**Problem requirements**
Set down exactly the lines below, starting at the one that contains "X217747126Y-95650654D01*" and ending at the one that contains "X217747126Y-95106368D01*", with both of those lines included and nothing else.
** Opening Exercise data block **
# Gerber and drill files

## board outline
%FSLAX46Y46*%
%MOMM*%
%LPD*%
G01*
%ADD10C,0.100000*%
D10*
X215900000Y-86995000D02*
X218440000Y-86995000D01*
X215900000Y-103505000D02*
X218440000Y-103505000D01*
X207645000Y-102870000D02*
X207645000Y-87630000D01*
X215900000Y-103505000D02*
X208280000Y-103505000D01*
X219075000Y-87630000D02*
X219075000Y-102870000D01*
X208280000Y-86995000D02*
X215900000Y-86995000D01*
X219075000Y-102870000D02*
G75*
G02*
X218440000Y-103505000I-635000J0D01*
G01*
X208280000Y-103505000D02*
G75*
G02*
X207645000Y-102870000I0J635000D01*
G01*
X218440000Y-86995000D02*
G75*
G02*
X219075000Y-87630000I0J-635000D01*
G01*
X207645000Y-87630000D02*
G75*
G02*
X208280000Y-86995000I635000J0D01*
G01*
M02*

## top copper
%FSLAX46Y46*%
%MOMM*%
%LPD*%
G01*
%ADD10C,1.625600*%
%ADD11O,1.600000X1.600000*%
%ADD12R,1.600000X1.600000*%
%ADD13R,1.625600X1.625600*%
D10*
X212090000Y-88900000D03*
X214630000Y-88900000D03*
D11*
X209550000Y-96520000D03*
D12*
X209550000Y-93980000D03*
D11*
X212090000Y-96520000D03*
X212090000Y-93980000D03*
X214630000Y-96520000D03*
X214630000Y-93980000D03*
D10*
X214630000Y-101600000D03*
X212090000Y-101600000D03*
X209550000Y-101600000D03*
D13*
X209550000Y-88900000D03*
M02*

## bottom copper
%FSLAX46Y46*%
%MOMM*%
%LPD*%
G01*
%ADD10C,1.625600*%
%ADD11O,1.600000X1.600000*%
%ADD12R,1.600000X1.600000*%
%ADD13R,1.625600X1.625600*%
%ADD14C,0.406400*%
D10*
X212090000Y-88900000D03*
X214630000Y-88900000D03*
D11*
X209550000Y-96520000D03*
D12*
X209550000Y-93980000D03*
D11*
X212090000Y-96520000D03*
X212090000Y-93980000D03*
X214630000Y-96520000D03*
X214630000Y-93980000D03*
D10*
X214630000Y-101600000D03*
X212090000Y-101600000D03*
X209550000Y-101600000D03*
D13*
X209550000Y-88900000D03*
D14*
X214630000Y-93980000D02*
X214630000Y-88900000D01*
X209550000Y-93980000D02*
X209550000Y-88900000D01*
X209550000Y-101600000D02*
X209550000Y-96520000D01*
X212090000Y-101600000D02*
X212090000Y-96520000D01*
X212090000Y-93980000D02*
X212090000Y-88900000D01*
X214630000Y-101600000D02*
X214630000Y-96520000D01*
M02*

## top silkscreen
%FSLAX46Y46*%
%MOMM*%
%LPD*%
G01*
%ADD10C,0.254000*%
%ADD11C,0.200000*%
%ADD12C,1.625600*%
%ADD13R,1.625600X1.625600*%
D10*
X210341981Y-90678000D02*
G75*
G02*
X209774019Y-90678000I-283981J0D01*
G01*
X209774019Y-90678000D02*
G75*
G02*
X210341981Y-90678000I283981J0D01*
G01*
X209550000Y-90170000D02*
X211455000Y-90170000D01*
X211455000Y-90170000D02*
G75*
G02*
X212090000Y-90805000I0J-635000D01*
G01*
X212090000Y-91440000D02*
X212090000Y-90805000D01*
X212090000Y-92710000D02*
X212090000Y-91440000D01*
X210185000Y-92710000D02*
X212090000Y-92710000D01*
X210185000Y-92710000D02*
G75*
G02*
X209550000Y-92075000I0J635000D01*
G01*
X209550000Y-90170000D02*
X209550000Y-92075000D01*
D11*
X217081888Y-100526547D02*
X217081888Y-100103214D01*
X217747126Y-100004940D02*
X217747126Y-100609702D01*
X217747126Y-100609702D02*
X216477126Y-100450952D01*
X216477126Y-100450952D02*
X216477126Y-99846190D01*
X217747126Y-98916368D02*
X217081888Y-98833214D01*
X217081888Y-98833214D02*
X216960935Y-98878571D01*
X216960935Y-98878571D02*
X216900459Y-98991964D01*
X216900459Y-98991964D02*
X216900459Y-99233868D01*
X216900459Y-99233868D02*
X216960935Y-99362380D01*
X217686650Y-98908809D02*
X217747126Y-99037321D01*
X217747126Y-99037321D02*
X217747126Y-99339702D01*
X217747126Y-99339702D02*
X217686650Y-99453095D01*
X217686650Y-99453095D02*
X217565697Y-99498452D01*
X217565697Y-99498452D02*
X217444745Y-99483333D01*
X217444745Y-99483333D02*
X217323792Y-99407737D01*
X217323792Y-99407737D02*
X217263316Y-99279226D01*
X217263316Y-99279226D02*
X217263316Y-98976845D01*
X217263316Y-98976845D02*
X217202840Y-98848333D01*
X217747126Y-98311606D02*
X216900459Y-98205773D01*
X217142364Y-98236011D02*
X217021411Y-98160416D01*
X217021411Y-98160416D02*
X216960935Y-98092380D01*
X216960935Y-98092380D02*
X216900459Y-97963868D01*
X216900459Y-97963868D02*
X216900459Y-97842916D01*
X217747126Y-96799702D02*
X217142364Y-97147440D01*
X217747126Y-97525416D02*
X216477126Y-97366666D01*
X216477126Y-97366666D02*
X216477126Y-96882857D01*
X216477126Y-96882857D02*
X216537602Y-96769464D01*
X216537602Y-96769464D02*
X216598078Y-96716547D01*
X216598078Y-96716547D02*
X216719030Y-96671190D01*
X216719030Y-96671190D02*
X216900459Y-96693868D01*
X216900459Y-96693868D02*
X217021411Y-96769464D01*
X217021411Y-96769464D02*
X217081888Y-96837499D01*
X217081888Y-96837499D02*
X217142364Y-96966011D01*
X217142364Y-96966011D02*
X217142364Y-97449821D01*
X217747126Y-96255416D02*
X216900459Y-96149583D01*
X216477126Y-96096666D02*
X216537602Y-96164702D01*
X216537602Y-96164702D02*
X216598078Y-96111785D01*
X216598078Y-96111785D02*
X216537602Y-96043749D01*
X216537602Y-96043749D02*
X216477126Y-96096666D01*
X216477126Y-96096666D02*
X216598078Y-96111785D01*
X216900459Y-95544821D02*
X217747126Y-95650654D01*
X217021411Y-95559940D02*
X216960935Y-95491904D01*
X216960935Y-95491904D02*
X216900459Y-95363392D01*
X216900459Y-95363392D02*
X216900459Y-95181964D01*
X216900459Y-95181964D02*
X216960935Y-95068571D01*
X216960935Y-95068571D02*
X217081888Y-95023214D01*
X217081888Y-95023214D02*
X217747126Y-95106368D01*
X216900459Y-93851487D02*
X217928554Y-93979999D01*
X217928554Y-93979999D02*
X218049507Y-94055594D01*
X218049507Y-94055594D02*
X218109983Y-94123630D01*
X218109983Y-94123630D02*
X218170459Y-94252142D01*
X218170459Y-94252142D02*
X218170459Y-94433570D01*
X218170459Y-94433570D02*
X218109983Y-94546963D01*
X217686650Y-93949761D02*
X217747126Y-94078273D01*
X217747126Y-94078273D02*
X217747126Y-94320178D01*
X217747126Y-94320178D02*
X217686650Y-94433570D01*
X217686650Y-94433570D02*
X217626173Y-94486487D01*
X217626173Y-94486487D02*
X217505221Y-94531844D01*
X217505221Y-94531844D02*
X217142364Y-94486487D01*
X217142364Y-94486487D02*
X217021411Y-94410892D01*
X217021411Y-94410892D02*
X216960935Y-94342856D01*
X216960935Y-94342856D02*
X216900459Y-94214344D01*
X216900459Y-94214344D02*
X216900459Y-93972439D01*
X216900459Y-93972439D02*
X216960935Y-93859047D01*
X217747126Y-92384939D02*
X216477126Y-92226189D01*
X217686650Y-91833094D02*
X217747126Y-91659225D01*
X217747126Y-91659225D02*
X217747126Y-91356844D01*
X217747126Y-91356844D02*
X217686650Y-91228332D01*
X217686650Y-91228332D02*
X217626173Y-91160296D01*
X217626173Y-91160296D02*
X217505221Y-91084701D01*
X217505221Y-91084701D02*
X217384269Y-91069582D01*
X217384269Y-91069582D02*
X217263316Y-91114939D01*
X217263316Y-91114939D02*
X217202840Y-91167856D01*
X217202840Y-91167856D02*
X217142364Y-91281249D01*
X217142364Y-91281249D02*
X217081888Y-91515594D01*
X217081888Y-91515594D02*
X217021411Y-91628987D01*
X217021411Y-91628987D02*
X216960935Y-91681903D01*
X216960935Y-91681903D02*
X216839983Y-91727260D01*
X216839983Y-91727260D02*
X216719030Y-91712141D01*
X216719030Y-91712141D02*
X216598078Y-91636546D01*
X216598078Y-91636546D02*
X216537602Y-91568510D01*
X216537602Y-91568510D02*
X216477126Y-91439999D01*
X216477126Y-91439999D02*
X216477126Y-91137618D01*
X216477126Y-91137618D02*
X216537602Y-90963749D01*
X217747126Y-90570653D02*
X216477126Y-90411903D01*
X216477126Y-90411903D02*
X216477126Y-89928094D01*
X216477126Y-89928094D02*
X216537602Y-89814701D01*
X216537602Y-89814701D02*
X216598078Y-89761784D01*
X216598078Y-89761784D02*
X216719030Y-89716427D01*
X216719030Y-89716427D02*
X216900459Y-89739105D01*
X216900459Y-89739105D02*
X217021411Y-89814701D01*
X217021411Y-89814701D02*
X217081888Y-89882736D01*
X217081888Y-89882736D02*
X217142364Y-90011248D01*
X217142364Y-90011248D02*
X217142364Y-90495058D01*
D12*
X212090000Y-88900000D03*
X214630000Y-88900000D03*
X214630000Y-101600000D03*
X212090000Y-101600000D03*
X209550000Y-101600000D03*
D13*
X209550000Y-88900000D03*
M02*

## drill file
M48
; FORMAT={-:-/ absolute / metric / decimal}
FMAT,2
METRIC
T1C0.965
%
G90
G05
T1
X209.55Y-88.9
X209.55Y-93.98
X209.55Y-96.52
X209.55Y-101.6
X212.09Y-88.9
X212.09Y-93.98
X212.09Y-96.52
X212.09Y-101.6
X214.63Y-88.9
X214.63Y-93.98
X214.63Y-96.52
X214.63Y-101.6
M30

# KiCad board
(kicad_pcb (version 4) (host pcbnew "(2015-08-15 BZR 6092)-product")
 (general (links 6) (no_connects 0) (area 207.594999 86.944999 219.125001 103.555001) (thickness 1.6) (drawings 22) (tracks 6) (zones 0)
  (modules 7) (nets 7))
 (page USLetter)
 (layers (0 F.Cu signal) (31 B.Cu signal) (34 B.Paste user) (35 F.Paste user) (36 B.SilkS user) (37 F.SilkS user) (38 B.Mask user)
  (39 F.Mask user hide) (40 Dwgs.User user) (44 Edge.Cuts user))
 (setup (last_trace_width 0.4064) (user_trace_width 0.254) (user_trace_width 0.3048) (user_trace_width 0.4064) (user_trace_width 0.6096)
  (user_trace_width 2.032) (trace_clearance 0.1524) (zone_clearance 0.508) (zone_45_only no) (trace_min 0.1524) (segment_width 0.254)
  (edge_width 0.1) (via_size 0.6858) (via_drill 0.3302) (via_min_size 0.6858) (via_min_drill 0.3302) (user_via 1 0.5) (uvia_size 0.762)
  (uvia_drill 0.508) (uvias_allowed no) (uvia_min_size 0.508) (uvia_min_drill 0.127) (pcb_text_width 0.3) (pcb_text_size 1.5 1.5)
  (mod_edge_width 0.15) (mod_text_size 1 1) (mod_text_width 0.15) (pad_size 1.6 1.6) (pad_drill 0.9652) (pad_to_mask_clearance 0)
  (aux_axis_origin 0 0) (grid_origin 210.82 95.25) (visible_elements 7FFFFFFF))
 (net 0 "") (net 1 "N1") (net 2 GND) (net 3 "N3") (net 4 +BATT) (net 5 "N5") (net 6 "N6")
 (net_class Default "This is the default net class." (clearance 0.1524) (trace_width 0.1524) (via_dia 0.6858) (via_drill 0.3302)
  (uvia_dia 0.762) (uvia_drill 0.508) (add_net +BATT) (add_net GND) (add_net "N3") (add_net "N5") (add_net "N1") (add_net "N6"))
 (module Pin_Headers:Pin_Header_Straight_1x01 (layer F.Cu) (at 212.09 88.9)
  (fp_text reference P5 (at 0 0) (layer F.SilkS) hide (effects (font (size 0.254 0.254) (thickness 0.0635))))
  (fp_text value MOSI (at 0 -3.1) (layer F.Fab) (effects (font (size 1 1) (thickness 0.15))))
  (pad 1 thru_hole circle (at 0 0) (size 1.6256 1.6256) (drill 0.9652) (layers *.Cu F.SilkS F.Mask) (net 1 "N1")))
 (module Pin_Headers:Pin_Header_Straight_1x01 (layer F.Cu) (at 214.63 88.9)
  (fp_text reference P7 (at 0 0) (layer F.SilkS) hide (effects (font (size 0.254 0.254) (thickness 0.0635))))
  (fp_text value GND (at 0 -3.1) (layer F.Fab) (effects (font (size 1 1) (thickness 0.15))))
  (pad 1 thru_hole circle (at 0 0) (size 1.6256 1.6256) (drill 0.9652) (layers *.Cu F.SilkS F.Mask) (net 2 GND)))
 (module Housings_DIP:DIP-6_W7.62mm (layer F.Cu) (at 209.55 96.52 90)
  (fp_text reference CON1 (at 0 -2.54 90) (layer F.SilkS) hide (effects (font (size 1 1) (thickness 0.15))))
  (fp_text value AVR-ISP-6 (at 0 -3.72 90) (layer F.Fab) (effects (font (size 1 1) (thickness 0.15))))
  (pad 1 thru_hole oval (at 0 0 90) (size 1.6 1.6) (drill 0.9652) (layers *.Cu B.SilkS B.Mask) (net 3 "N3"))
  (pad 2 thru_hole rect (at 2.54 0 90) (size 1.6 1.6) (drill 0.9652) (layers *.Cu B.SilkS B.Mask) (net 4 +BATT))
  (pad 3 thru_hole oval (at 0 2.54 90) (size 1.6 1.6) (drill 0.9652) (layers *.Cu B.SilkS B.Mask) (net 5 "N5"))
  (pad 4 thru_hole oval (at 2.54 2.54 90) (size 1.6 1.6) (drill 0.9652) (layers *.Cu B.SilkS B.Mask) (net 1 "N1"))
  (pad 5 thru_hole oval (at 0 5.08 90) (size 1.6 1.6) (drill 0.9652) (layers *.Cu B.SilkS B.Mask) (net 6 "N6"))
  (pad 6 thru_hole oval (at 2.54 5.08 90) (size 1.6 1.6) (drill 0.9652) (layers *.Cu B.SilkS B.Mask) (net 2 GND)))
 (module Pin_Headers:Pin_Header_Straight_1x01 (layer F.Cu) (at 214.63 101.6)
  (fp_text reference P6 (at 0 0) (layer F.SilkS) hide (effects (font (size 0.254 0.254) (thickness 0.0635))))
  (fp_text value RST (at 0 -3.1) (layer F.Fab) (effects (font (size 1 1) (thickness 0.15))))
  (pad 1 thru_hole circle (at 0 0) (size 1.6256 1.6256) (drill 0.9652) (layers *.Cu F.SilkS F.Mask) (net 6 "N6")))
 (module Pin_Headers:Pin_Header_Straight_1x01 (layer F.Cu) (at 212.09 101.6)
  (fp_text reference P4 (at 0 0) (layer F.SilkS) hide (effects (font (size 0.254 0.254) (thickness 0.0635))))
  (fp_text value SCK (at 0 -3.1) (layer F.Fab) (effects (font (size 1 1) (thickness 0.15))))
** Closing Exercise data block **
**Response**
X217747126Y-95650654D01*
X217021411Y-95559940D02*
X216960935Y-95491904D01*
X216960935Y-95491904D02*
X216900459Y-95363392D01*
X216900459Y-95363392D02*
X216900459Y-95181964D01*
X216900459Y-95181964D02*
X216960935Y-95068571D01*
X216960935Y-95068571D02*
X217081888Y-95023214D01*
X217081888Y-95023214D02*
X217747126Y-95106368D01*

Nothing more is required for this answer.